Since knowledge graphs have large-scale semi-structured data, and there are many associations between the data, the use of relational databases cannot meet the storage and query requirements, and the graph database can solve large-scale graph storage and multi-hop queries. challenge.

5.2 Content label

In some recommended scenarios, you need to understand the content of video, audio, or text, and label it with content-related tags. For example, in short video recommendation, understanding the content of the video is conducive to accurate recommendation to users.

For film and television videos, the actors, film and television programs, and roles are constructed into a film and television entertainment map. When a new film and television short video is released, the actors can be identified through the face of the video, and the film and television roles can be identified in the title or subtitles. Use the graph to quickly infer the corresponding film and television works, and label the content of the video to improve the recommendation effect.

5.3 Data blood relationship

In the data warehouse, various ETL jobs are often run, and there are many data tables and tasks. How to visually observe the relationship between the upstream and downstream of the data table and the tasks has become an urgent problem to be solved.

It is very troublesome to use relational databases to process multi-level related queries, not only the development workload is large, but also the query performance is extremely slow. The use of graph database not only greatly reduces the development workload, but also can quickly find out the upstream and downstream relationships of the table, which is convenient for visually observing the blood relationship of the data.

5.4 Service Architecture Topology

In service resource management, business resources are divided into multiple levels, and each level has corresponding servers, services, and management personnel. If you use a relational database to process, when you need to display multi-level resources, querying will be very troublesome. Performance will be poor. At this time, you can put the relationship between resources, managers, servers, and business levels in the graph database. When it is displayed, a query statement can be completed, and the query speed is still very fast.

6. Summary

Through the implementation of business practices such as knowledge graphs, the transition from JanusGraph to NebulaGraph has been completed. The import performance has been improved by an order of magnitude, and query performance and concurrency have been improved by 3-6 times. Moreover, NebulaGraph is more stable than JanusGraph. In the course of practice, I also encountered many problems and got a lot of help from the NebulaGraph community. Thank you very much for the support of the community!
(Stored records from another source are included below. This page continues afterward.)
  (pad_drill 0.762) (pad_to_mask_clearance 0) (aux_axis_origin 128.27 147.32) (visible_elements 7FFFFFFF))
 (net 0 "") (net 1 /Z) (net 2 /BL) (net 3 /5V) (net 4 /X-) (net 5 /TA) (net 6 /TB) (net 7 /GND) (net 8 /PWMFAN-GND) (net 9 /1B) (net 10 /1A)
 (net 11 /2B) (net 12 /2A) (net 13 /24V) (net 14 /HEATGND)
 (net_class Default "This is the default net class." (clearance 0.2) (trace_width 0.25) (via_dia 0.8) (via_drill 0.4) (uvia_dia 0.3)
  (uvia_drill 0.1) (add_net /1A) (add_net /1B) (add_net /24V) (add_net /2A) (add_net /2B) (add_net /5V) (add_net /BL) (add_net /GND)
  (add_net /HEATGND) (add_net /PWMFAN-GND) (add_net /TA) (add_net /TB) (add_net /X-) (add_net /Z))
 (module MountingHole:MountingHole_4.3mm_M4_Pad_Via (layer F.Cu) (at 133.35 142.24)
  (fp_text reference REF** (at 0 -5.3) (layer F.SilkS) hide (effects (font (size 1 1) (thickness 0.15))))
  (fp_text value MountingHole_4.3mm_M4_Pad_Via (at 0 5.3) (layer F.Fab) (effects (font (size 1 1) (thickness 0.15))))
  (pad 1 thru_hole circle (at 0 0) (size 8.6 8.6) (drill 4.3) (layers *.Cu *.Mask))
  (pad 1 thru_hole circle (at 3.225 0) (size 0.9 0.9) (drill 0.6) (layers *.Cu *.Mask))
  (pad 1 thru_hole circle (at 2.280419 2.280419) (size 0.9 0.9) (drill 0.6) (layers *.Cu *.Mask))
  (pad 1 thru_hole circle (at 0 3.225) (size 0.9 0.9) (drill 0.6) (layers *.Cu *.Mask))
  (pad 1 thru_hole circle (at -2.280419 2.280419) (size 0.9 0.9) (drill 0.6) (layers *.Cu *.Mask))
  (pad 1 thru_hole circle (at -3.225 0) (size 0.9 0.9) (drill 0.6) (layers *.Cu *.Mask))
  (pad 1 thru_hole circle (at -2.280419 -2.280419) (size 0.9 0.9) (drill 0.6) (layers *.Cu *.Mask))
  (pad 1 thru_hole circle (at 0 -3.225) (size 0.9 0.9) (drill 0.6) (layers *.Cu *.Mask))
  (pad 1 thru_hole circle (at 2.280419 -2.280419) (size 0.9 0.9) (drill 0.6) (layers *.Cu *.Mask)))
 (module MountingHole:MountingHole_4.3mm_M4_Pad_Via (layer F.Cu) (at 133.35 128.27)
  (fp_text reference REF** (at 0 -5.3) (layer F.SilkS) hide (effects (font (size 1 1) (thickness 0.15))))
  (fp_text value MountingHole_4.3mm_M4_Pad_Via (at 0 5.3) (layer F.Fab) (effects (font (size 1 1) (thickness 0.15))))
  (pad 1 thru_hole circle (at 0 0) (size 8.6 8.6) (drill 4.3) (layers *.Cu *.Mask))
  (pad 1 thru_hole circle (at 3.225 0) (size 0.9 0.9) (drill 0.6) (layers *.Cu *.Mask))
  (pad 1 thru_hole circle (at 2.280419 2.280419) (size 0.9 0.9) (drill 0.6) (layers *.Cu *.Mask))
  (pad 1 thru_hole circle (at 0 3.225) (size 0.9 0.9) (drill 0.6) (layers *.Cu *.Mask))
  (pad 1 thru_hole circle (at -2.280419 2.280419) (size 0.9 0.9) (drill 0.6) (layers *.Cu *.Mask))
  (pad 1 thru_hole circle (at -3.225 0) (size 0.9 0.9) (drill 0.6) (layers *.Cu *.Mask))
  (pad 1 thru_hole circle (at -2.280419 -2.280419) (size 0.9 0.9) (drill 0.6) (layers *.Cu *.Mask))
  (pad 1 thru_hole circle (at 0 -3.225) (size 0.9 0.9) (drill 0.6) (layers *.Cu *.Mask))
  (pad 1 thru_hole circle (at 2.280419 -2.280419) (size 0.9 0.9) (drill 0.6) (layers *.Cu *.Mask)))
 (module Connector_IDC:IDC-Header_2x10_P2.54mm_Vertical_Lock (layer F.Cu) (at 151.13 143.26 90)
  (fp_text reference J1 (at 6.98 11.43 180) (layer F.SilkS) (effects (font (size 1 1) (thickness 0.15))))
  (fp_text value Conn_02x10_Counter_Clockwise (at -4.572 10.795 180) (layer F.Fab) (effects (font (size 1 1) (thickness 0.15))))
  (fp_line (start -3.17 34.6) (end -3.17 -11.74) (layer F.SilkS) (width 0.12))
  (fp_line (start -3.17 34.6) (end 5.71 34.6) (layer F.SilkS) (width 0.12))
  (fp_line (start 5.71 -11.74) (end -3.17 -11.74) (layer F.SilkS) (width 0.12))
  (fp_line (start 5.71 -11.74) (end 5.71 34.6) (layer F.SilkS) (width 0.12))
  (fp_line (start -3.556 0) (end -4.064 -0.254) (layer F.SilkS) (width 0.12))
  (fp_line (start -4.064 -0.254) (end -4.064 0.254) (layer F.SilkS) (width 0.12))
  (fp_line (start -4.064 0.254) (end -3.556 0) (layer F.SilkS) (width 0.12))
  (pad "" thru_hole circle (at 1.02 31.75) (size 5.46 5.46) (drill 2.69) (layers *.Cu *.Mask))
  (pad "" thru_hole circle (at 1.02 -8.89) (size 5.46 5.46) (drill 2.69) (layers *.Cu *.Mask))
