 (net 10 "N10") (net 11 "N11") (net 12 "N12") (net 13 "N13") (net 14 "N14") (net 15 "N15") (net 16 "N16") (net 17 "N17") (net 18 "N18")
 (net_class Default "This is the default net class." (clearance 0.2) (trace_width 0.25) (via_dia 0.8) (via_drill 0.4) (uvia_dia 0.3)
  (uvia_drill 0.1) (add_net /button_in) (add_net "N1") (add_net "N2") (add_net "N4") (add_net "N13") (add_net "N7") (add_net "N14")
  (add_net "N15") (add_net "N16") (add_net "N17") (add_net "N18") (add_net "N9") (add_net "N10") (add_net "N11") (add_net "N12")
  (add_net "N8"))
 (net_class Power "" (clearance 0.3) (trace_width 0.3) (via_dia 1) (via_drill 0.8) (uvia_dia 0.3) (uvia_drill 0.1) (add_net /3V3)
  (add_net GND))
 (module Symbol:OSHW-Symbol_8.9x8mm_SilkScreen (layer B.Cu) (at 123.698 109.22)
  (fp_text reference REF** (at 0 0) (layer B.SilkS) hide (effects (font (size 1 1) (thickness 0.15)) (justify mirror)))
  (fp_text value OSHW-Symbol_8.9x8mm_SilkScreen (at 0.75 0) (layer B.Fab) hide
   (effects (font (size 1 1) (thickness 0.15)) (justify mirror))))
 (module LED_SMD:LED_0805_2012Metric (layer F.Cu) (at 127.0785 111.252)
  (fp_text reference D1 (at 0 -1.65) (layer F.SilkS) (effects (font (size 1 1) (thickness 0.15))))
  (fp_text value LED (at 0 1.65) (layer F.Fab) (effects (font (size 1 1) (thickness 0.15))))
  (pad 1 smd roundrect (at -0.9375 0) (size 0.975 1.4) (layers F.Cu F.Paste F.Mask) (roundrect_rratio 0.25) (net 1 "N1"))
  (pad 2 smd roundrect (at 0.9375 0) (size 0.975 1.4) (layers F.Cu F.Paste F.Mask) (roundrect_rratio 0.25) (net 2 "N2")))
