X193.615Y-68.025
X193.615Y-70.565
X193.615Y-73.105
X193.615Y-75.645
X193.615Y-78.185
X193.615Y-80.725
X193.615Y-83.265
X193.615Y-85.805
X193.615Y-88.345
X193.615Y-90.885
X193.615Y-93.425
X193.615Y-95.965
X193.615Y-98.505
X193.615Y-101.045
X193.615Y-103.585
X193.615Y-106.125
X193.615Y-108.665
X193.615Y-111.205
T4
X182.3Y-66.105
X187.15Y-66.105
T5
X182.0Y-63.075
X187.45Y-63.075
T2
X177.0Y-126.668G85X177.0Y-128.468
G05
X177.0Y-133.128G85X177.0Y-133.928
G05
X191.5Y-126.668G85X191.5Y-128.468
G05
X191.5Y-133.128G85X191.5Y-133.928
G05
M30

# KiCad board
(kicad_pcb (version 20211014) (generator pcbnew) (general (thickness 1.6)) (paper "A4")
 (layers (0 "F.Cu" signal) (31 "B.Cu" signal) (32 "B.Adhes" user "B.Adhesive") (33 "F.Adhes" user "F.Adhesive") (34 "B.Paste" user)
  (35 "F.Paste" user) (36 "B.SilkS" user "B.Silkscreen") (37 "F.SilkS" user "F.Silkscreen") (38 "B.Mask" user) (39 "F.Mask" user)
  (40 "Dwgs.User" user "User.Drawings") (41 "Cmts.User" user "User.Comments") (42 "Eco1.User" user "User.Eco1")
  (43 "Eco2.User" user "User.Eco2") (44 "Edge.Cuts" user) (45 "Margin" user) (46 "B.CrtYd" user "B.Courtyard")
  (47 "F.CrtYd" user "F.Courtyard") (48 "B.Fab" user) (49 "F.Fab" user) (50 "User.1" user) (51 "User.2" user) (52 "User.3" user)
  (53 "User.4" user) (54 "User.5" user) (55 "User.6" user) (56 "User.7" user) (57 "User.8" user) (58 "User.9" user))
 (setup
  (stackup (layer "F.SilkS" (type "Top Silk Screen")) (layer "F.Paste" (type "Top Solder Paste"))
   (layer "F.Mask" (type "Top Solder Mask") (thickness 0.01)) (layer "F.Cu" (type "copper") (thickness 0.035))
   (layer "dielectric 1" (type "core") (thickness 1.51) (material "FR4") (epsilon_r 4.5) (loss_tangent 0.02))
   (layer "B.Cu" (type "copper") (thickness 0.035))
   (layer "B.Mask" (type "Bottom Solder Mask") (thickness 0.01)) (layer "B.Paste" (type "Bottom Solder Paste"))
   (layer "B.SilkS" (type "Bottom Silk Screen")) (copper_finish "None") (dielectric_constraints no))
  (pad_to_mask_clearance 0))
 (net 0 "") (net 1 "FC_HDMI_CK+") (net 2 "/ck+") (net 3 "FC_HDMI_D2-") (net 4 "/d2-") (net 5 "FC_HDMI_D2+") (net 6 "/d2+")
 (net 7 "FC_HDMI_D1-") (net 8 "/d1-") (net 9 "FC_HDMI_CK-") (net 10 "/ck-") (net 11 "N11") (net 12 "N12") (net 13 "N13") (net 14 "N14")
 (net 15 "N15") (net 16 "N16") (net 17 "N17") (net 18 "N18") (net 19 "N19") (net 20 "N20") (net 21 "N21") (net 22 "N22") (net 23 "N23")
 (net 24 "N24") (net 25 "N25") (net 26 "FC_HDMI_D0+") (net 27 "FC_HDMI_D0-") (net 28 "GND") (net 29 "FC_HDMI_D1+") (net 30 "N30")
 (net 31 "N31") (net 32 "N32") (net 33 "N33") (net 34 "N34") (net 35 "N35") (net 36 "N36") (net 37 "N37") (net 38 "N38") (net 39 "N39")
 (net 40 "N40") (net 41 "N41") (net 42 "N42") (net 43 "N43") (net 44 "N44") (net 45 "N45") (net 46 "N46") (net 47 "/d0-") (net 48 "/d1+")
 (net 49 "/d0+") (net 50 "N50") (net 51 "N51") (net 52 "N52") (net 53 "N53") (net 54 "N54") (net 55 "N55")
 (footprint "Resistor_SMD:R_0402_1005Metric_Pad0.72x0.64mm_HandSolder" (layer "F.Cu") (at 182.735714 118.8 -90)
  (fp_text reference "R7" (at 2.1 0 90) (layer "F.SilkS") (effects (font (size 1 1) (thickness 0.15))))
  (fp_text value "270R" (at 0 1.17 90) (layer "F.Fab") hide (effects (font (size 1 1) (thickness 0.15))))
The graph database has developed rapidly in recent years. Neo4J raised US$325 million in the first half of this year, setting a new record in the database’s financing. A report released by Gartner pointed out: “By 2023, graph technology will promote rapid decision-making scenarios for 30% of global enterprises. The annual growth rate of graph technology applications exceeds 100%.” With the popularization of 5G and the Internet of Things, graph databases will become Infrastructure for handling relationships.